Saved entries

■ ■ ■ ■ ■

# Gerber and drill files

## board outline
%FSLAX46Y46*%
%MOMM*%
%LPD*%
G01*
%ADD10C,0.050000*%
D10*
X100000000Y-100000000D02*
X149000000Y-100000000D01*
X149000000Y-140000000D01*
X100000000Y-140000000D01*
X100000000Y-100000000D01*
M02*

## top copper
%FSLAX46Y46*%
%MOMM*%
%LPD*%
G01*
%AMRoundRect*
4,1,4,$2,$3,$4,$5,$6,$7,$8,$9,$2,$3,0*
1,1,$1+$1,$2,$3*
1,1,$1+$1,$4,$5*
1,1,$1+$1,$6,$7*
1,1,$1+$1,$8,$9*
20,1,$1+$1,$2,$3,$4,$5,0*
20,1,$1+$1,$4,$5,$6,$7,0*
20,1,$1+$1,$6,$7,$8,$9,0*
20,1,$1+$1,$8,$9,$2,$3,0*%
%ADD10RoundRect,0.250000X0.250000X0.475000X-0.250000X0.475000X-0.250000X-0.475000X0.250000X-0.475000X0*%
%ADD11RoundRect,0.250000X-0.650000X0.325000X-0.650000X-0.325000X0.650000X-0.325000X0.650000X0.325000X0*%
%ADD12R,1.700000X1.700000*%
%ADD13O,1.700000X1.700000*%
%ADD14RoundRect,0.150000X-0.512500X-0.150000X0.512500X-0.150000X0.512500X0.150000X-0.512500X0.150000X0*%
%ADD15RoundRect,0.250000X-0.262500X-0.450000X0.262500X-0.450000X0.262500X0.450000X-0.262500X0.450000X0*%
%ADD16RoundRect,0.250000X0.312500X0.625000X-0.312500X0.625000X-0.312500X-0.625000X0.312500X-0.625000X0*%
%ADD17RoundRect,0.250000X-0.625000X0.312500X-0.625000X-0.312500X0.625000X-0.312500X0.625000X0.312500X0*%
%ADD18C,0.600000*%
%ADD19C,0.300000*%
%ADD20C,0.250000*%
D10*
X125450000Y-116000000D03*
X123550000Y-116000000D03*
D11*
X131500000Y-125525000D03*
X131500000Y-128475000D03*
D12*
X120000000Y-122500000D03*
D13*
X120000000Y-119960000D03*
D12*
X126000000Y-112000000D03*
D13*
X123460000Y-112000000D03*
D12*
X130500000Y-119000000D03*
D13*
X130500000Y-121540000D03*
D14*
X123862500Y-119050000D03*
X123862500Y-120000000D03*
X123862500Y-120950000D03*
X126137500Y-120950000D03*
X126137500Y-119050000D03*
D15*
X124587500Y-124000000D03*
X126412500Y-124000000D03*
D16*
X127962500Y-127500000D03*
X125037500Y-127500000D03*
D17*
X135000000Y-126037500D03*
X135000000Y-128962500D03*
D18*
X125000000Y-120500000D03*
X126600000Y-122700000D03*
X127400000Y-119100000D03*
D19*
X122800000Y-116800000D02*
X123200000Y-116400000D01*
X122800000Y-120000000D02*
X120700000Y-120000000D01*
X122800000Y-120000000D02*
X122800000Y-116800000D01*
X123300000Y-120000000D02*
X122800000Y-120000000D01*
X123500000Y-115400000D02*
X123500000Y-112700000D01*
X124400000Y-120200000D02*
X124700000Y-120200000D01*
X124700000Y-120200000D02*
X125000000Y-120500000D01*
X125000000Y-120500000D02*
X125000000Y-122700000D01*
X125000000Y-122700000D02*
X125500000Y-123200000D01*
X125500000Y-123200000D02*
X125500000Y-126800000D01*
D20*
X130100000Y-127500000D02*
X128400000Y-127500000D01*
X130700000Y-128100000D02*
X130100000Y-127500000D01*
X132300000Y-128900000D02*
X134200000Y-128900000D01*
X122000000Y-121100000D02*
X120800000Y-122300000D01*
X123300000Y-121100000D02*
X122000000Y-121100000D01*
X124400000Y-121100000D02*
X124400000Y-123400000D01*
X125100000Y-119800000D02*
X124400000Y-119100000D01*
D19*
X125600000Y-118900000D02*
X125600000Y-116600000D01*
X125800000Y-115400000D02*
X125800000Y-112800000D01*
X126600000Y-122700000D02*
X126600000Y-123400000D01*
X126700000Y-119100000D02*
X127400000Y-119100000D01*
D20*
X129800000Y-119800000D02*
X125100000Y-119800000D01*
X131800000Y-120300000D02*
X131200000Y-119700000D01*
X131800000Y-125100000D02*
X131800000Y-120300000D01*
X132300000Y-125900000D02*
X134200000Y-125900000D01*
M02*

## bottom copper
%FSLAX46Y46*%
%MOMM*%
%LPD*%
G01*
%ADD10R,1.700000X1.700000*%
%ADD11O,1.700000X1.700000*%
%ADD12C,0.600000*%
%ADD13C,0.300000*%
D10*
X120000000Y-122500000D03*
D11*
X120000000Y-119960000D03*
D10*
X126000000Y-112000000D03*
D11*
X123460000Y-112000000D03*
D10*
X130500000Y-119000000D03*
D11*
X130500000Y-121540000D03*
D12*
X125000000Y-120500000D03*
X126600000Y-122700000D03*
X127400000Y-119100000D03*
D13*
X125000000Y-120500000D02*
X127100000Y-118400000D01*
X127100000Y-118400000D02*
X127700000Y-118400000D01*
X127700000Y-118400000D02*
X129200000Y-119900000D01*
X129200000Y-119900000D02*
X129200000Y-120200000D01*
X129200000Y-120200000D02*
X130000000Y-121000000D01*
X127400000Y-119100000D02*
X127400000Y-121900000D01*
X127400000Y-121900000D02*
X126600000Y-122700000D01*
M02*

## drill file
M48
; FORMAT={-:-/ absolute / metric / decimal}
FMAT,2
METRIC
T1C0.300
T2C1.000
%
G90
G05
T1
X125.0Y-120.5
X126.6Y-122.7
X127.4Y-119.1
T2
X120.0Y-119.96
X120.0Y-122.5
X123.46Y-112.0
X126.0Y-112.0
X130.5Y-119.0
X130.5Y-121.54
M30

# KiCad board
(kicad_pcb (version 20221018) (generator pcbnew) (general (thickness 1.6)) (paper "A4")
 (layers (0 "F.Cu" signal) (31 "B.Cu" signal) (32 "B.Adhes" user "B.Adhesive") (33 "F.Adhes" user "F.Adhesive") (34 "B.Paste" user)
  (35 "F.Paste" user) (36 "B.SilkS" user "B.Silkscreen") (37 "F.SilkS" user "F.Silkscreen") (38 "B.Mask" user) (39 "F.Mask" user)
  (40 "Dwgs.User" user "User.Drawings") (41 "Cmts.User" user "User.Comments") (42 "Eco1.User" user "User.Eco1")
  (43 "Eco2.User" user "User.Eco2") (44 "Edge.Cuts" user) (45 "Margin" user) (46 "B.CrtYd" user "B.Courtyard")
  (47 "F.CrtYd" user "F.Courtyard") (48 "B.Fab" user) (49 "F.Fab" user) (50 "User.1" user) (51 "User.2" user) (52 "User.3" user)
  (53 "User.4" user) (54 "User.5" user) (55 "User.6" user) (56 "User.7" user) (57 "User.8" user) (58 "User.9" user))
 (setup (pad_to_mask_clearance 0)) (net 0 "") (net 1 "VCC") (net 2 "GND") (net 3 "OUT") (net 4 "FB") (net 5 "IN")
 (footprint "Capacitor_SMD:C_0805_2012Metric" (layer "F.Cu") (at 124.5 116 180)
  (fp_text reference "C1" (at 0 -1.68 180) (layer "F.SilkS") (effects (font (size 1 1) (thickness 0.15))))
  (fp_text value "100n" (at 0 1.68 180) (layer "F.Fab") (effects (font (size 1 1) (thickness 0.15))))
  (pad "1" smd roundrect (at -0.95 0 180) (size 1 1.45) (layers "F.Cu" "F.Paste" "F.Mask") (roundrect_rratio 0.25) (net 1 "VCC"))
  (pad "2" smd roundrect (at 0.95 0 180) (size 1 1.45) (layers "F.Cu" "F.Paste" "F.Mask") (roundrect_rratio 0.25) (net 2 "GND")))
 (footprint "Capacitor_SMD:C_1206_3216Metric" (layer "F.Cu") (at 131.5 127 -90)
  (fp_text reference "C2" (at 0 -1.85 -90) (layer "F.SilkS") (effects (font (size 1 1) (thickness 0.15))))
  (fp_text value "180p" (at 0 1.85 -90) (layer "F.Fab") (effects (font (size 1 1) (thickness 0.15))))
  (pad "1" smd roundrect (at -1.475 0 270) (size 1.15 1.8) (layers "F.Cu" "F.Paste" "F.Mask") (roundrect_rratio 0.217391) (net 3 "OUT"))
  (pad "2" smd roundrect (at 1.475 0 270) (size 1.15 1.8) (layers "F.Cu" "F.Paste" "F.Mask") (roundrect_rratio 0.217391) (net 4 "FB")))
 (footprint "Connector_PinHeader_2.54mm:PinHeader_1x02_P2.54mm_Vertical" (layer "F.Cu") (at 120 122.5 180)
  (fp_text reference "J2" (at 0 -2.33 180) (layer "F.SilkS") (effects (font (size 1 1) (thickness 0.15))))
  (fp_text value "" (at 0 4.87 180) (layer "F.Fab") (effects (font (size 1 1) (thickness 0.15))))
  (pad "1" thru_hole rect (at 0 0 180) (size 1.7 1.7) (drill 1) (layers "*.Cu" "*.Mask") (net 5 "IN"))
  (pad "2" thru_hole oval (at 0 2.54 180) (size 1.7 1.7) (drill 1) (layers "*.Cu" "*.Mask") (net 2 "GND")))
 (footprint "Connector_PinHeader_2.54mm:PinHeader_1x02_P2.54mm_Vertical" (layer "F.Cu") (at 126 112 -90)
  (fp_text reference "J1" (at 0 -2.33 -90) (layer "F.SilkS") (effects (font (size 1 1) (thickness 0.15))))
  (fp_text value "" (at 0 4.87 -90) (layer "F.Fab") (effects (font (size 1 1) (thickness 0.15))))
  (pad "1" thru_hole rect (at 0 0 270) (size 1.7 1.7) (drill 1) (layers "*.Cu" "*.Mask") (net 1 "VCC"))
  (pad "2" thru_hole oval (at 0 2.54 270) (size 1.7 1.7) (drill 1) (layers "*.Cu" "*.Mask") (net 2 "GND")))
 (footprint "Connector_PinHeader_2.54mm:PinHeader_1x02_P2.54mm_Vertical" (layer "F.Cu") (at 130.5 119)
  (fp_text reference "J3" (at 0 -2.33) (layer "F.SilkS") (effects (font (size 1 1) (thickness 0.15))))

■ ■ ■ ■ ■

#### Task brief
Please, from the entries above, set down exactly the lines from the one containing "X125500000Y-123200000D02*" through the one containing "X120800000Y-122300000D01*", and only those.

#### Answer to this problem
X125500000Y-123200000D02*
X125500000Y-126800000D01*
D20*
X130100000Y-127500000D02*
X128400000Y-127500000D01*
X130700000Y-128100000D02*
X130100000Y-127500000D01*
X132300000Y-128900000D02*
X134200000Y-128900000D01*
X122000000Y-121100000D02*
X120800000Y-122300000D01*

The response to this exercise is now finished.